Вот тогда он и позвонил Валиной сестре.
Наина обсудила с племянницей ситуацию и решила сестру забрать к себе.
Если до отъезда Наины Симе хотелось зарыться в норку и тихо рассматривать свое горе, то после отъезда Наины Симке стало так тошно, что она боялась оставаться наедине с собой.
От Руслана по-прежнему не было вестей.
Инстинкт самосохранения шептал: надо вспомнить, что ты еще молодая женщина, и встряхнуться. Развеяться. Оттянуться.
Неужели существуют такие слова?
Впечатлительная Симка отдалась этой мысли целиком, и у нее, несчастной домохозяйки, тупой коровы, доильного аппарата, появилась почти маниакальная цель, не связанная с кормлением, стиркой, уборкой и походами по магазинам за продуктами.
Весь арсенал обольщения, оставшийся в наследство от нее самой – иной, молодой и полной жизни, был вывернут из ящика подзеркальной тумбы на постель.

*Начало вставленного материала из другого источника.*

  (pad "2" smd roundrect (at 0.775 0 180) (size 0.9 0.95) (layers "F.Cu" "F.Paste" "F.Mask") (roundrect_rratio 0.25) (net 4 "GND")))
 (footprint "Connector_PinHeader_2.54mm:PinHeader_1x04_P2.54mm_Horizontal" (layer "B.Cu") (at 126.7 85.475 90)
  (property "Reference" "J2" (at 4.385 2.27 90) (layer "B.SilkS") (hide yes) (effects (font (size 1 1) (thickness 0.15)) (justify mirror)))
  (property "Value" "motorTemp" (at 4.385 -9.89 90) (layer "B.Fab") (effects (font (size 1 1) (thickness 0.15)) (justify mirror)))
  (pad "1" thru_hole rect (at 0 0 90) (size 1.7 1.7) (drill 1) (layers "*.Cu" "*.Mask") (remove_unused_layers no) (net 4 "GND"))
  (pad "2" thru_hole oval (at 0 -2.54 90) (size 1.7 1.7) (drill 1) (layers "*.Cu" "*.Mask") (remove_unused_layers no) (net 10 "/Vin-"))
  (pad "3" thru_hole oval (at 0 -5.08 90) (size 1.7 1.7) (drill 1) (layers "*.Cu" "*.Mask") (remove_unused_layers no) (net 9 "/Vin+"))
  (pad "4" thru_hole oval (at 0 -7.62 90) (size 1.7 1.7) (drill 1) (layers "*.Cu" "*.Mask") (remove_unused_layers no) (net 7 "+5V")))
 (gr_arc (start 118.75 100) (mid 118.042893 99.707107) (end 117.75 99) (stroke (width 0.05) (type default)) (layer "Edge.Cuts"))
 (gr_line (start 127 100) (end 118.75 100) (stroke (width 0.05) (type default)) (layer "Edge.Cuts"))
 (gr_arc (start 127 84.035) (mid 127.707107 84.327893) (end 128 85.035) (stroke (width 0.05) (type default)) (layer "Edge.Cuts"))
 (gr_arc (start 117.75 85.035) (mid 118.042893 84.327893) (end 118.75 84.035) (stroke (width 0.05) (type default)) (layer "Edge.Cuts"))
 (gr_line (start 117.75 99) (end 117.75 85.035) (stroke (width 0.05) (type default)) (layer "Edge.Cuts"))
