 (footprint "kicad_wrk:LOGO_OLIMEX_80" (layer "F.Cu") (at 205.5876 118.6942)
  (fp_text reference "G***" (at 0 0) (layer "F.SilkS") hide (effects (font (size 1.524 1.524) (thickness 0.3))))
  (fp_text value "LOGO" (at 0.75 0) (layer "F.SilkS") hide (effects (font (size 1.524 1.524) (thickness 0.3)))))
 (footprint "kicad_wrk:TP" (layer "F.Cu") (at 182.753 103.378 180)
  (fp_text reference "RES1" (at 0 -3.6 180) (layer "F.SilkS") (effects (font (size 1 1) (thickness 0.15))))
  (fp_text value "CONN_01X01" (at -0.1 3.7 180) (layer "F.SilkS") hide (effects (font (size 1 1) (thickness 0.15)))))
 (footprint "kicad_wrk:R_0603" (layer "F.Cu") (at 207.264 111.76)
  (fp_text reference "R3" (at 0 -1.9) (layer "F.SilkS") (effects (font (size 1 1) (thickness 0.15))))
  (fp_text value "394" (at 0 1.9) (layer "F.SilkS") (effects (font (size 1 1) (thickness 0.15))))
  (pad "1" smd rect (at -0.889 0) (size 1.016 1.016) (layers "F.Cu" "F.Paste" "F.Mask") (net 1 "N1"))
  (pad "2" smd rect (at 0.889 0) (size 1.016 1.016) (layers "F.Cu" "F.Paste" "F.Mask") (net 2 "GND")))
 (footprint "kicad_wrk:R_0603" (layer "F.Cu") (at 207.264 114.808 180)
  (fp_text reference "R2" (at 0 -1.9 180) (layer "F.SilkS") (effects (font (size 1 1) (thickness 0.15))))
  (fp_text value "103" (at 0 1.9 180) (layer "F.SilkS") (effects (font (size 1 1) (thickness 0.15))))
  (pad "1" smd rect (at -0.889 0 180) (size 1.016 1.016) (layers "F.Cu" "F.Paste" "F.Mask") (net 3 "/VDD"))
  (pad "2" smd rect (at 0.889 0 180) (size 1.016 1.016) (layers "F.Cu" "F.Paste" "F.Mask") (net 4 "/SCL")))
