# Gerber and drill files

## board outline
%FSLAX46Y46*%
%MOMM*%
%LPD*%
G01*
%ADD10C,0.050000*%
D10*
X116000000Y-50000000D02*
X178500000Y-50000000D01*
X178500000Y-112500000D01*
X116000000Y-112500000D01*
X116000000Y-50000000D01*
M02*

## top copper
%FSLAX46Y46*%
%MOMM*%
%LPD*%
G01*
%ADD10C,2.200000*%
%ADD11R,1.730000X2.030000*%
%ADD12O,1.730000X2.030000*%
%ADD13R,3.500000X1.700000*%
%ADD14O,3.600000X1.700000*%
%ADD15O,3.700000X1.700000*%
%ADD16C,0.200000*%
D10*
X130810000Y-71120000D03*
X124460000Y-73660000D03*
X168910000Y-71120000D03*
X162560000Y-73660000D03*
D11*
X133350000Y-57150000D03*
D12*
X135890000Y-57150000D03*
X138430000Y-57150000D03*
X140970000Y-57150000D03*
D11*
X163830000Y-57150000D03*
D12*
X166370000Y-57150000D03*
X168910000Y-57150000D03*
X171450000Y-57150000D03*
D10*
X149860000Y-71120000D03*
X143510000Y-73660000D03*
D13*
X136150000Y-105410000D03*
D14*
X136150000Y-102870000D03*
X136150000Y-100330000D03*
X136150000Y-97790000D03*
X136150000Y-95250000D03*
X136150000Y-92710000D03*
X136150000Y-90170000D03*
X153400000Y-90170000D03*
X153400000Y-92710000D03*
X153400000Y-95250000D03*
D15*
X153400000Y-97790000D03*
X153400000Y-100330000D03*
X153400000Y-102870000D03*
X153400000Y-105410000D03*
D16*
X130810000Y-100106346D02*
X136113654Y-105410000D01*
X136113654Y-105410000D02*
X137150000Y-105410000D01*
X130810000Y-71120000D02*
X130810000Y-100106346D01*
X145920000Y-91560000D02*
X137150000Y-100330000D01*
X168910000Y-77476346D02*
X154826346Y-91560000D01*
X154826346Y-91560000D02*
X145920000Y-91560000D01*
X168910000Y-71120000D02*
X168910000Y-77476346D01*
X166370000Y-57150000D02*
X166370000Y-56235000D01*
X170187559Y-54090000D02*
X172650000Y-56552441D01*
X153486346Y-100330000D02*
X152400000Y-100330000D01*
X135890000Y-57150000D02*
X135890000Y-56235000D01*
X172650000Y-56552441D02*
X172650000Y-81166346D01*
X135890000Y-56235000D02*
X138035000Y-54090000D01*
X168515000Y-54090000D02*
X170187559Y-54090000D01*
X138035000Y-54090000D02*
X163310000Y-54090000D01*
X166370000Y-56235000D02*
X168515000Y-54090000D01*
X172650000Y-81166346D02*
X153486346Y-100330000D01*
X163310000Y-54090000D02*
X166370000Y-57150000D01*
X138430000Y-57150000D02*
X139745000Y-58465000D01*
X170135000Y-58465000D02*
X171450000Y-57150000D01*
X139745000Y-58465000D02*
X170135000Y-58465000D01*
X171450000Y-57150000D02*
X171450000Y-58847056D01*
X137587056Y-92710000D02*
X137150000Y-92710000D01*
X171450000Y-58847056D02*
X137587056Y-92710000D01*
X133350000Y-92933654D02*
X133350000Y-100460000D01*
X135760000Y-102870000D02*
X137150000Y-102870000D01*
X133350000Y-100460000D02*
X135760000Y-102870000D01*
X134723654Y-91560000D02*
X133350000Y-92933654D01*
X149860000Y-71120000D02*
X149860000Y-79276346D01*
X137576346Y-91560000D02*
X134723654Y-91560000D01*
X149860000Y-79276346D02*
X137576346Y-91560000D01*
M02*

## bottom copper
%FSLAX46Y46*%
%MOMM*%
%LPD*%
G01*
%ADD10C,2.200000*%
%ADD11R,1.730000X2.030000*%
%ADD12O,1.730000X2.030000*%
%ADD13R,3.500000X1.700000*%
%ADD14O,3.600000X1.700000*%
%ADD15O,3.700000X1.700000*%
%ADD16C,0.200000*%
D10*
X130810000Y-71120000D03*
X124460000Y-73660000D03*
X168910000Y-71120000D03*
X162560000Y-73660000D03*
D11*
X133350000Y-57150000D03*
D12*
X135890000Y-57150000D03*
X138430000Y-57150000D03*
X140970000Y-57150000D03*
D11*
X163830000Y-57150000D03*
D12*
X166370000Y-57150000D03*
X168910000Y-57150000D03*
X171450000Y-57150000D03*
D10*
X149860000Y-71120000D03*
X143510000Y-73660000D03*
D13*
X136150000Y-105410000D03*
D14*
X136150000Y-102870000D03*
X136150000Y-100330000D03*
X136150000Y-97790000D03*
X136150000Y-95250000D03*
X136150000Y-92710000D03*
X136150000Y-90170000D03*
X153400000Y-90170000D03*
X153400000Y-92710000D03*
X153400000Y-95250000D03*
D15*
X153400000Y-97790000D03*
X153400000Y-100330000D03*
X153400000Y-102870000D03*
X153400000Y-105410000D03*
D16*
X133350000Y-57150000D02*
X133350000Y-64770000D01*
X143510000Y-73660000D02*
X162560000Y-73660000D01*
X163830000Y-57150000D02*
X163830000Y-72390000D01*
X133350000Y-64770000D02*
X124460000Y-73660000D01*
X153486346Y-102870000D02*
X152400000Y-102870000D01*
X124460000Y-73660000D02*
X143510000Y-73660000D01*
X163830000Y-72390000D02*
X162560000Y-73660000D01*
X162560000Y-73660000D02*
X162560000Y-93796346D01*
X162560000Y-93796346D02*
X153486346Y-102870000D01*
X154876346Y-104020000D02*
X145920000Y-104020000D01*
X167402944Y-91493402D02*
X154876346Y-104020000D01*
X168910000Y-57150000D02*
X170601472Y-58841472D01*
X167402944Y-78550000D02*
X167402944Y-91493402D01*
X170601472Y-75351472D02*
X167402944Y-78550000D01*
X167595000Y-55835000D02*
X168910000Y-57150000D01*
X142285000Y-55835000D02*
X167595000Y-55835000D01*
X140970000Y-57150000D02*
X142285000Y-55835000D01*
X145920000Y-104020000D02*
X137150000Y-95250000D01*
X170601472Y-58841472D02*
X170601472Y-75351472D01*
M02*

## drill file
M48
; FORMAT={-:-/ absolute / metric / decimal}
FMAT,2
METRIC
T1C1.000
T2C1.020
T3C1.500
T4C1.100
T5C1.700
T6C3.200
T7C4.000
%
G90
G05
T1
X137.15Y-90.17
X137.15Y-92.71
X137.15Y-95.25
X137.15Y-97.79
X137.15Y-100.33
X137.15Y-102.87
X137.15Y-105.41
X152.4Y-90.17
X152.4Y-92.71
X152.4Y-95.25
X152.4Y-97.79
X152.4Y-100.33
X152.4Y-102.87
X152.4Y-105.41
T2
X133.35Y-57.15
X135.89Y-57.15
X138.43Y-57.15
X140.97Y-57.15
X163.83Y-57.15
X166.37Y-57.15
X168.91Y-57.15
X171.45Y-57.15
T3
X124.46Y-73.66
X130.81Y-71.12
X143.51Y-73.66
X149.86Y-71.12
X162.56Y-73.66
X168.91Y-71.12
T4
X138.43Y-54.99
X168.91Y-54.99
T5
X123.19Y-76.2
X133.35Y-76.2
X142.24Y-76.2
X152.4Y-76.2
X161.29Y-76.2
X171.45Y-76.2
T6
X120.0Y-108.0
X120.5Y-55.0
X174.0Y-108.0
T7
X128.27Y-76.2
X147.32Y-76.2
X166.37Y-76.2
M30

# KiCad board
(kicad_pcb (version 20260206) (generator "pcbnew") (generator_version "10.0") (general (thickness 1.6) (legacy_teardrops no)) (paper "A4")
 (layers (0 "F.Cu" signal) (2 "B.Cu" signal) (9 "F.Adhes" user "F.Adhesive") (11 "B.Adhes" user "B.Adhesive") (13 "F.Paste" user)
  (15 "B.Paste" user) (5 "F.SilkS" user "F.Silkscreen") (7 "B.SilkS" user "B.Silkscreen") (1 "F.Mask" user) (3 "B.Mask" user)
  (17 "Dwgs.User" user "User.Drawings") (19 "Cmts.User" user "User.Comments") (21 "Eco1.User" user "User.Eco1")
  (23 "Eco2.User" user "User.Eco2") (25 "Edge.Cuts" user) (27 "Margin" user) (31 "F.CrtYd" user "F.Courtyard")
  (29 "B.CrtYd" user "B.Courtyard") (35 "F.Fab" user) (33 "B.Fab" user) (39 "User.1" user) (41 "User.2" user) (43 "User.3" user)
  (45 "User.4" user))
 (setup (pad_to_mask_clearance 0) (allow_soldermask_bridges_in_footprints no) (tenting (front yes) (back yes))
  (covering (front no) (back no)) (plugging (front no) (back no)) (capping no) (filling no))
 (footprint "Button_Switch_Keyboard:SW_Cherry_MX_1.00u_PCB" (layer "F.Cu") (at 130.81 71.12)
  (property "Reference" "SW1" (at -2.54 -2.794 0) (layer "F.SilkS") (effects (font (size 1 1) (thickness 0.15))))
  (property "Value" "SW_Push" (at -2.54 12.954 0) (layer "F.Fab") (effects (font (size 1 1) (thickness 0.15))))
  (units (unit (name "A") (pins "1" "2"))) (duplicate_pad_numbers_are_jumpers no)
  (pad "" np_thru_hole circle (at -7.62 5.08) (size 1.7 1.7) (drill 1.7) (layers "*.Cu" "*.Mask"))
  (pad "" np_thru_hole circle (at -2.54 5.08) (size 4 4) (drill 4) (layers "*.Cu" "*.Mask"))
  (pad "" np_thru_hole circle (at 2.54 5.08) (size 1.7 1.7) (drill 1.7) (layers "*.Cu" "*.Mask"))
  (pad "1" thru_hole circle (at 0 0) (size 2.2 2.2) (drill 1.5) (layers "*.Cu" "*.Mask") (remove_unused_layers no) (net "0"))
  (pad "2" thru_hole circle (at -6.35 2.54) (size 2.2 2.2) (drill 1.5) (layers "*.Cu" "*.Mask") (remove_unused_layers no) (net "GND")))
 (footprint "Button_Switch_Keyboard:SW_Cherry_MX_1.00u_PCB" (layer "F.Cu") (at 168.91 71.12)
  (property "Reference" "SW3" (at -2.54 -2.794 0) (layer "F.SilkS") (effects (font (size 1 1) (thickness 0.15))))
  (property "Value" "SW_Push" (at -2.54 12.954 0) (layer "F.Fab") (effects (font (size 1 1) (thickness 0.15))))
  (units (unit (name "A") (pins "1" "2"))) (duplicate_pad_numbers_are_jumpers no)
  (pad "" np_thru_hole circle (at -7.62 5.08) (size 1.7 1.7) (drill 1.7) (layers "*.Cu" "*.Mask"))
  (pad "" np_thru_hole circle (at -2.54 5.08) (size 4 4) (drill 4) (layers "*.Cu" "*.Mask"))
  (pad "" np_thru_hole circle (at 2.54 5.08) (size 1.7 1.7) (drill 1.7) (layers "*.Cu" "*.Mask"))
  (pad "1" thru_hole circle (at 0 0) (size 2.2 2.2) (drill 1.5) (layers "*.Cu" "*.Mask") (remove_unused_layers no) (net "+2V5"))
  (pad "2" thru_hole circle (at -6.35 2.54) (size 2.2 2.2) (drill 1.5) (layers "*.Cu" "*.Mask") (remove_unused_layers no) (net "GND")))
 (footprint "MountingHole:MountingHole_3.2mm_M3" (layer "F.Cu") (at 174 108)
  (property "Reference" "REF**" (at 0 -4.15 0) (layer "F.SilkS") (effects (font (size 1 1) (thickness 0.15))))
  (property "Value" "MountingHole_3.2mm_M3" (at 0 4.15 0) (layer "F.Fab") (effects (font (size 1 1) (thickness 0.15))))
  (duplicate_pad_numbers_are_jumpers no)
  (pad "" np_thru_hole circle (at 0 0) (size 3.2 3.2) (drill 3.2) (layers "*.Cu" "*.Mask")))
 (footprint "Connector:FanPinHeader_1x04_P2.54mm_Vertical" (layer "F.Cu") (at 133.35 57.15)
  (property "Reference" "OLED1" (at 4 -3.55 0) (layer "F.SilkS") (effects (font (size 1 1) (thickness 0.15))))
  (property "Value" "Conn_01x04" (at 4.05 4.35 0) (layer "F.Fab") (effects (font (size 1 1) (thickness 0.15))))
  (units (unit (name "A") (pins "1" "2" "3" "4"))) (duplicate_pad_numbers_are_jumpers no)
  (pad "" np_thru_hole circle (at 5.08 -2.16 90) (size 1.1 1.1) (drill 1.1) (layers "*.Cu" "*.Mask"))
  (pad "1" thru_hole rect (at 0 0 90) (size 2.03 1.73) (drill 1.02) (layers "*.Cu" "*.Mask") (remove_unused_layers no) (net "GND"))
  (pad "2" thru_hole oval (at 2.54 0 90) (size 2.03 1.73) (drill 1.02) (layers "*.Cu" "*.Mask") (remove_unused_layers no) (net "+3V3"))
  (pad "3" thru_hole oval (at 5.08 0 90) (size 2.03 1.73) (drill 1.02) (layers "*.Cu" "*.Mask") (remove_unused_layers no) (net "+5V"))
  (pad "4" thru_hole oval (at 7.62 0 90) (size 2.03 1.73) (drill 1.02) (layers "*.Cu" "*.Mask") (remove_unused_layers no) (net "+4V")))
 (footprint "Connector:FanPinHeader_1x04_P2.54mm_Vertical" (layer "F.Cu") (at 163.83 57.15)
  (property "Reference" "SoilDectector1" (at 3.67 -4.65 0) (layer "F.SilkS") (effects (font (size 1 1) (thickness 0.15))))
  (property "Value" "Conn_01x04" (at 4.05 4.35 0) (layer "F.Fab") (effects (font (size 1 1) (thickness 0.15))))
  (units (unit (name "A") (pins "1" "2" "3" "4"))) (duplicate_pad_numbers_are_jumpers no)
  (pad "" np_thru_hole circle (at 5.08 -2.16 90) (size 1.1 1.1) (drill 1.1) (layers "*.Cu" "*.Mask"))
  (pad "1" thru_hole rect (at 0 0 90) (size 2.03 1.73) (drill 1.02) (layers "*.Cu" "*.Mask") (remove_unused_layers no) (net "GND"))
  (pad "2" thru_hole oval (at 2.54 0 90) (size 2.03 1.73) (drill 1.02) (layers "*.Cu" "*.Mask") (remove_unused_layers no) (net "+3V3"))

Поначалу пальцы равнодушно перебирали коробочки, футляры, флаконы и пакетики. Она уже забыла, какое это удовольствие – пользоваться всей этой роскошью. Подводки, тени, тушь, румяна, тональный крем, лаки, помады – все то, что способно превратить любую Золушку в Королеву. Стыдно, но ведь она уже забыла, что и в какой последовательности наносится!
Симка выдавила на ладонь тональный крем и неуверенными движениями нанесла на скулы. Растушевала. Теперь можно наносить черты лица.
Накрасила глаза и обследовала себя тусклым взглядом.
Ой, Божечки, ой, миленький! В кого она превратилась? А это что?!! Симка в панике переместилась с зеркалом к окну. Так и есть: морщинка между бровей. Это от одиночества.
Вздохнув, Серафима добавила на внешний угол глаза коричневого тона, на скулы – бронзы. Третий сорт еще не брак.
Просто ей нужно на несколько часов забыть, кто она, свое прошлое и настоящее, сбросить шкурку лягушки, обернуться змеей и пустить яд под кожу какому-нибудь зазевавшемуся сатиру. Отравить, ослепить, оглушить. Залюбить до смерти.